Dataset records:
=-=-=-=-=
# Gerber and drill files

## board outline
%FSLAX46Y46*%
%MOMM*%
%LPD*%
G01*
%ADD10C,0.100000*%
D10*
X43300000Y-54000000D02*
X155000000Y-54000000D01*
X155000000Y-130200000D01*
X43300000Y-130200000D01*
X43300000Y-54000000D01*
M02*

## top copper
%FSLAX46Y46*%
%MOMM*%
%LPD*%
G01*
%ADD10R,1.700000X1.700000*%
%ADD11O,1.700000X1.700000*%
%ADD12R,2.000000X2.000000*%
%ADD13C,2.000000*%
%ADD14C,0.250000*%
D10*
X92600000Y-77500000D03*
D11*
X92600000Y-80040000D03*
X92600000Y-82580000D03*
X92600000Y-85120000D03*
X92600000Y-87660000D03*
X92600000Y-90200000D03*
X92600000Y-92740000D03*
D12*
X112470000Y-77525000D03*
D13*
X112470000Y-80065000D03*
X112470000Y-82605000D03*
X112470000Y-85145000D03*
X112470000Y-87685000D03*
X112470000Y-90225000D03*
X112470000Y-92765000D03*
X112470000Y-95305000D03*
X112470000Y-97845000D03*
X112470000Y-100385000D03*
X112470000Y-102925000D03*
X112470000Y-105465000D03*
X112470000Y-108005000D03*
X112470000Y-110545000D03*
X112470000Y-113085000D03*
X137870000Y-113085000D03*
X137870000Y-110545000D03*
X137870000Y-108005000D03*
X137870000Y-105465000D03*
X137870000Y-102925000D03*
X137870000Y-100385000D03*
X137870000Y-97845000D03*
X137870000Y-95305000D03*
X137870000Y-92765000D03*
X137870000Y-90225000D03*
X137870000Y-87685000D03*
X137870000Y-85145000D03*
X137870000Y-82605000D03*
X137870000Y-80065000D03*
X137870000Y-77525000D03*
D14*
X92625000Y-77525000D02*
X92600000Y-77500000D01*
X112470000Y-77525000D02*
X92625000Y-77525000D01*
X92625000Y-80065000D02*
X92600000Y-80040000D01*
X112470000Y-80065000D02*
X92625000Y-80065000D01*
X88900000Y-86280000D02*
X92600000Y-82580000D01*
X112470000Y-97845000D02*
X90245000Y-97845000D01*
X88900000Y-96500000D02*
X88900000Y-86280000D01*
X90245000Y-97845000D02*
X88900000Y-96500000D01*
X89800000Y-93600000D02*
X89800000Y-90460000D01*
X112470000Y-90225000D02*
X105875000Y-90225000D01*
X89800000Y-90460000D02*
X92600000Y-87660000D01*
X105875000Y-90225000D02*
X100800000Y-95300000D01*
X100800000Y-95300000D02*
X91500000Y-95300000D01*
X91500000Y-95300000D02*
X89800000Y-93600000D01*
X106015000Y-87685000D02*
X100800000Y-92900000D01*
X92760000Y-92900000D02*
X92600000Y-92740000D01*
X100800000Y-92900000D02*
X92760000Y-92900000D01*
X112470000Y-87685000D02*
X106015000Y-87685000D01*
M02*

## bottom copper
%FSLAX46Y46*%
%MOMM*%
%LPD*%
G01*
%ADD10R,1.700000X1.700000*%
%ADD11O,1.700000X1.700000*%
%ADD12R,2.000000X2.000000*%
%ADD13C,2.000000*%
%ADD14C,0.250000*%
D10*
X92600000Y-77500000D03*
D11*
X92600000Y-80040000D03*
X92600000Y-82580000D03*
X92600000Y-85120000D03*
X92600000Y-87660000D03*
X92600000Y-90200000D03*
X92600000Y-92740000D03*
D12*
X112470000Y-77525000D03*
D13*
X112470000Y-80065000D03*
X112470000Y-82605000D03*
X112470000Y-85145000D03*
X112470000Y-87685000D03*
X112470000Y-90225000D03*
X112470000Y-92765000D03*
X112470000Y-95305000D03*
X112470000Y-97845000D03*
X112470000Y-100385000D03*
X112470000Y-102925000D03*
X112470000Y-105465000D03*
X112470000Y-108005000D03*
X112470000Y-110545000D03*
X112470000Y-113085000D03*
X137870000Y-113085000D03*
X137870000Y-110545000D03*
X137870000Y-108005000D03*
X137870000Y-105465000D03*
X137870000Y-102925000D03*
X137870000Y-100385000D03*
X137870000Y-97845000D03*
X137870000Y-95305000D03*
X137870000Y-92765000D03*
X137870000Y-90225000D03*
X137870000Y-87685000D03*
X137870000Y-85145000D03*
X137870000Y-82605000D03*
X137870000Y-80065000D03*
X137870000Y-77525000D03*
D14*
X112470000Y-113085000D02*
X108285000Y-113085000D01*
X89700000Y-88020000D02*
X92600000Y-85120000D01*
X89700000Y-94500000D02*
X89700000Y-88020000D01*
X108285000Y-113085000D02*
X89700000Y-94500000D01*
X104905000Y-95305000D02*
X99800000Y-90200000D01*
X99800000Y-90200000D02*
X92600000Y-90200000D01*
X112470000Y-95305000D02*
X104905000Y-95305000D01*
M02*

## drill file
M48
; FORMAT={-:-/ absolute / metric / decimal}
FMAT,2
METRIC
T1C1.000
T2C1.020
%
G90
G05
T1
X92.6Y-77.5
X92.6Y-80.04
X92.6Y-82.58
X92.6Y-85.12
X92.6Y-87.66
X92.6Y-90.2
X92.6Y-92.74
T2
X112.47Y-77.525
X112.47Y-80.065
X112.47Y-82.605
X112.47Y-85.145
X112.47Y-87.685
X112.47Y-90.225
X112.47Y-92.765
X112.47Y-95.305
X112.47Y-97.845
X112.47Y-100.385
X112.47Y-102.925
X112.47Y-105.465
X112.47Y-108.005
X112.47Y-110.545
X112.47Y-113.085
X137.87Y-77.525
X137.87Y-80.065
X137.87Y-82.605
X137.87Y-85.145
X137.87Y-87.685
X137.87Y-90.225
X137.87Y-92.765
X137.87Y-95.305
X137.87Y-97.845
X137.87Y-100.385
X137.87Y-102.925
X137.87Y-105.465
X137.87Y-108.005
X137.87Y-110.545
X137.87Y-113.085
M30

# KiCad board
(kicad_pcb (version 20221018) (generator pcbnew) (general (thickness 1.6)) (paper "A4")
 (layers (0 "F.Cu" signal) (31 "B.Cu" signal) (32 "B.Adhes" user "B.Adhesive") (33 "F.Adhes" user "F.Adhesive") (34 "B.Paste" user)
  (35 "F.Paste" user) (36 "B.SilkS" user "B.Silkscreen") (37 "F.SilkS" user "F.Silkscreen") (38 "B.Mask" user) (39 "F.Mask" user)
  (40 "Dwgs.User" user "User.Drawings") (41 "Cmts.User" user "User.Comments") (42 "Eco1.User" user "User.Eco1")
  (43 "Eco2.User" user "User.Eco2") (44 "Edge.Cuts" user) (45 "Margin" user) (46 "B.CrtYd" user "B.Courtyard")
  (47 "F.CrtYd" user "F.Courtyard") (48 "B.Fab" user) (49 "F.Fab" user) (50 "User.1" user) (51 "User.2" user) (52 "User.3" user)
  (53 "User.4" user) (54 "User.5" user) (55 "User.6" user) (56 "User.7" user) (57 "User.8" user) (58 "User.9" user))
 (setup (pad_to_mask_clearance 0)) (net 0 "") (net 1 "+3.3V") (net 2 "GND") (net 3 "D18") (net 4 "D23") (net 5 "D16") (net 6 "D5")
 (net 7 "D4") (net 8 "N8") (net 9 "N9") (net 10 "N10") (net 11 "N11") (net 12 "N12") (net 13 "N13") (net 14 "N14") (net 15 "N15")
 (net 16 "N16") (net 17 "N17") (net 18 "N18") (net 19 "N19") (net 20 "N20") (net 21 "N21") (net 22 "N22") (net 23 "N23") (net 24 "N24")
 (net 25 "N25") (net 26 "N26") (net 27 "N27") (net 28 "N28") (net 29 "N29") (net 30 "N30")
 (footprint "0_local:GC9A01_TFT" (layer "F.Cu") (at 92.6 77.5)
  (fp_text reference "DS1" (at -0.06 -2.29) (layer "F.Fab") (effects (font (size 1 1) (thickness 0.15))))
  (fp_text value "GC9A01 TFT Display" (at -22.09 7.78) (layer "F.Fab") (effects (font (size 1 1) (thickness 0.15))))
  (pad "1" thru_hole rect (at 0 0) (size 1.7 1.7) (drill 1) (layers "*.Cu" "*.Mask") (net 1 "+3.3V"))
  (pad "2" thru_hole oval (at 0 2.54) (size 1.7 1.7) (drill 1) (layers "*.Cu" "*.Mask") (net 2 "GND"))
  (pad "3" thru_hole oval (at 0 5.08) (size 1.7 1.7) (drill 1) (layers "*.Cu" "*.Mask") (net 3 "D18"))
  (pad "4" thru_hole oval (at 0 7.62) (size 1.7 1.7) (drill 1) (layers "*.Cu" "*.Mask") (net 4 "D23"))
  (pad "5" thru_hole oval (at 0 10.16) (size 1.7 1.7) (drill 1) (layers "*.Cu" "*.Mask") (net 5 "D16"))
  (pad "6" thru_hole oval (at 0 12.7) (size 1.7 1.7) (drill 1) (layers "*.Cu" "*.Mask") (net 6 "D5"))
  (pad "7" thru_hole oval (at 0 15.24) (size 1.7 1.7) (drill 1) (layers "*.Cu" "*.Mask") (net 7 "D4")))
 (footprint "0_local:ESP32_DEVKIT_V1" (layer "F.Cu") (at 125.17 93.04)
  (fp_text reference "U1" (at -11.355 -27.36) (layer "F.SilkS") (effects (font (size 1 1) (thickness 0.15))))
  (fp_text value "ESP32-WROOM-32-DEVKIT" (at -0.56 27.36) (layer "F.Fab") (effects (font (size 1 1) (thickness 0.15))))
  (pad "1" thru_hole rect (at -12.7 -15.515) (size 2 2) (drill 1.02) (layers "*.Cu" "*.Mask") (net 1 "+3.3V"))
  (pad "2" thru_hole circle (at -12.7 -12.975) (size 2 2) (drill 1.02) (layers "*.Cu" "*.Mask") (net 2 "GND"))
  (pad "3" thru_hole circle (at -12.7 -10.435) (size 2 2) (drill 1.02) (layers "*.Cu" "*.Mask") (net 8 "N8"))
  (pad "4" thru_hole circle (at -12.7 -7.895) (size 2 2) (drill 1.02) (layers "*.Cu" "*.Mask") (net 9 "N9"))
  (pad "5" thru_hole circle (at -12.7 -5.355) (size 2 2) (drill 1.02) (layers "*.Cu" "*.Mask") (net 7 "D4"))
  (pad "6" thru_hole circle (at -12.7 -2.815) (size 2 2) (drill 1.02) (layers "*.Cu" "*.Mask") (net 5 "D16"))
  (pad "7" thru_hole circle (at -12.7 -0.275) (size 2 2) (drill 1.02) (layers "*.Cu" "*.Mask") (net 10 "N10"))
  (pad "8" thru_hole circle (at -12.7 2.265) (size 2 2) (drill 1.02) (layers "*.Cu" "*.Mask") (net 6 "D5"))
  (pad "9" thru_hole circle (at -12.7 4.805) (size 2 2) (drill 1.02) (layers "*.Cu" "*.Mask") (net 3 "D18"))
  (pad "10" thru_hole circle (at -12.7 7.345) (size 2 2) (drill 1.02) (layers "*.Cu" "*.Mask") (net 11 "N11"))
  (pad "11" thru_hole circle (at -12.7 9.885) (size 2 2) (drill 1.02) (layers "*.Cu" "*.Mask") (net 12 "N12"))
  (pad "12" thru_hole circle (at -12.7 12.425) (size 2 2) (drill 1.02) (layers "*.Cu" "*.Mask") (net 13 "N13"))
  (pad "13" thru_hole circle (at -12.7 14.965) (size 2 2) (drill 1.02) (layers "*.Cu" "*.Mask") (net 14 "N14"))
  (pad "14" thru_hole circle (at -12.7 17.505) (size 2 2) (drill 1.02) (layers "*.Cu" "*.Mask") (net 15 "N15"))
  (pad "15" thru_hole circle (at -12.7 20.045) (size 2 2) (drill 1.02) (layers "*.Cu" "*.Mask") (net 4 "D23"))
  (pad "16" thru_hole circle (at 12.7 20.045) (size 2 2) (drill 1.02) (layers "*.Cu" "*.Mask") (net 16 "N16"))
  (pad "17" thru_hole circle (at 12.7 17.505) (size 2 2) (drill 1.02) (layers "*.Cu" "*.Mask") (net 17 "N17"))
  (pad "18" thru_hole circle (at 12.7 14.965) (size 2 2) (drill 1.02) (layers "*.Cu" "*.Mask") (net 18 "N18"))
  (pad "19" thru_hole circle (at 12.7 12.425) (size 2 2) (drill 1.02) (layers "*.Cu" "*.Mask") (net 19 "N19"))
  (pad "20" thru_hole circle (at 12.7 9.885) (size 2 2) (drill 1.02) (layers "*.Cu" "*.Mask") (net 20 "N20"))
  (pad "21" thru_hole circle (at 12.7 7.345) (size 2 2) (drill 1.02) (layers "*.Cu" "*.Mask") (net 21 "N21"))
  (pad "22" thru_hole circle (at 12.7 4.805) (size 2 2) (drill 1.02) (layers "*.Cu" "*.Mask") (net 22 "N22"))
  (pad "23" thru_hole circle (at 12.7 2.265) (size 2 2) (drill 1.02) (layers "*.Cu" "*.Mask") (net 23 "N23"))
  (pad "24" thru_hole circle (at 12.7 -0.275) (size 2 2) (drill 1.02) (layers "*.Cu" "*.Mask") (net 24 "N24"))
  (pad "25" thru_hole circle (at 12.7 -2.815) (size 2 2) (drill 1.02) (layers "*.Cu" "*.Mask") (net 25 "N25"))
  (pad "26" thru_hole circle (at 12.7 -5.355) (size 2 2) (drill 1.02) (layers "*.Cu" "*.Mask") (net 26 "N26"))
  (pad "27" thru_hole circle (at 12.7 -7.895) (size 2 2) (drill 1.02) (layers "*.Cu" "*.Mask") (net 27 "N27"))
  (pad "28" thru_hole circle (at 12.7 -10.435) (size 2 2) (drill 1.02) (layers "*.Cu" "*.Mask") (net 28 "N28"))
  (pad "29" thru_hole circle (at 12.7 -12.975) (size 2 2) (drill 1.02) (layers "*.Cu" "*.Mask") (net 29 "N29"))
  (pad "30" thru_hole circle (at 12.7 -15.515) (size 2 2) (drill 1.02) (layers "*.Cu" "*.Mask") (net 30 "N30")))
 (gr_rect (start 43.3 54) (end 155 130.2) (stroke (width 0.1) (type solid)) (fill none) (layer "Edge.Cuts"))
 (segment (start 92.625 77.525) (end 92.6 77.5) (width 0.25) (layer "F.Cu") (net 1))
 (segment (start 112.47 77.525) (end 92.625 77.525) (width 0.25) (layer "F.Cu") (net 1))
 (segment (start 92.625 80.065) (end 92.6 80.04) (width 0.25) (layer "F.Cu") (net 2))
 (segment (start 112.47 80.065) (end 92.625 80.065) (width 0.25) (layer "F.Cu") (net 2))
 (segment (start 88.9 86.28) (end 92.6 82.58) (width 0.25) (layer "F.Cu") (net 3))
 (segment (start 112.47 97.845) (end 90.245 97.845) (width 0.25) (layer "F.Cu") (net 3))
 (segment (start 88.9 96.5) (end 88.9 86.28) (width 0.25) (layer "F.Cu") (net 3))
 (segment (start 90.245 97.845) (end 88.9 96.5) (width 0.25) (layer "F.Cu") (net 3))
 (segment (start 112.47 113.085) (end 108.285 113.085) (width 0.25) (layer "B.Cu") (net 4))
 (segment (start 89.7 88.02) (end 92.6 85.12) (width 0.25) (layer "B.Cu") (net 4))
 (segment (start 89.7 94.5) (end 89.7 88.02) (width 0.25) (layer "B.Cu") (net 4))
 (segment (start 108.285 113.085) (end 89.7 94.5) (width 0.25) (layer "B.Cu") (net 4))
 (segment (start 89.8 93.6) (end 89.8 90.46) (width 0.25) (layer "F.Cu") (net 5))
 (segment (start 112.47 90.225) (end 105.875 90.225) (width 0.25) (layer "F.Cu") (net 5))
 (segment (start 89.8 90.46) (end 92.6 87.66) (width 0.25) (layer "F.Cu") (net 5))
 (segment (start 105.875 90.225) (end 100.8 95.3) (width 0.25) (layer "F.Cu") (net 5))
 (segment (start 100.8 95.3) (end 91.5 95.3) (width 0.25) (layer "F.Cu") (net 5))
 (segment (start 91.5 95.3) (end 89.8 93.6) (width 0.25) (layer "F.Cu") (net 5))
 (segment (start 104.905 95.305) (end 99.8 90.2) (width 0.25) (layer "B.Cu") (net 6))
 (segment (start 99.8 90.2) (end 92.6 90.2) (width 0.25) (layer "B.Cu") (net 6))
 (segment (start 112.47 95.305) (end 104.905 95.305) (width 0.25) (layer "B.Cu") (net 6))
 (segment (start 106.015 87.685) (end 100.8 92.9) (width 0.25) (layer "F.Cu") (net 7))
 (segment (start 92.76 92.9) (end 92.6 92.74) (width 0.25) (layer "F.Cu") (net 7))
 (segment (start 100.8 92.9) (end 92.76 92.9) (width 0.25) (layer "F.Cu") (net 7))
 (segment (start 112.47 87.685) (end 106.015 87.685) (width 0.25) (layer "F.Cu") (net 7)))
=-=-=-=-=
What is being asked: Find each line above that contains "SilkS", and copy those lines.

Answer to the exercise:
  (35 "F.Paste" user) (36 "B.SilkS" user "B.Silkscreen") (37 "F.SilkS" user "F.Silkscreen") (38 "B.Mask" user) (39 "F.Mask" user)
  (fp_text reference "U1" (at -11.355 -27.36) (layer "F.SilkS") (effects (font (size 1 1) (thickness 0.15))))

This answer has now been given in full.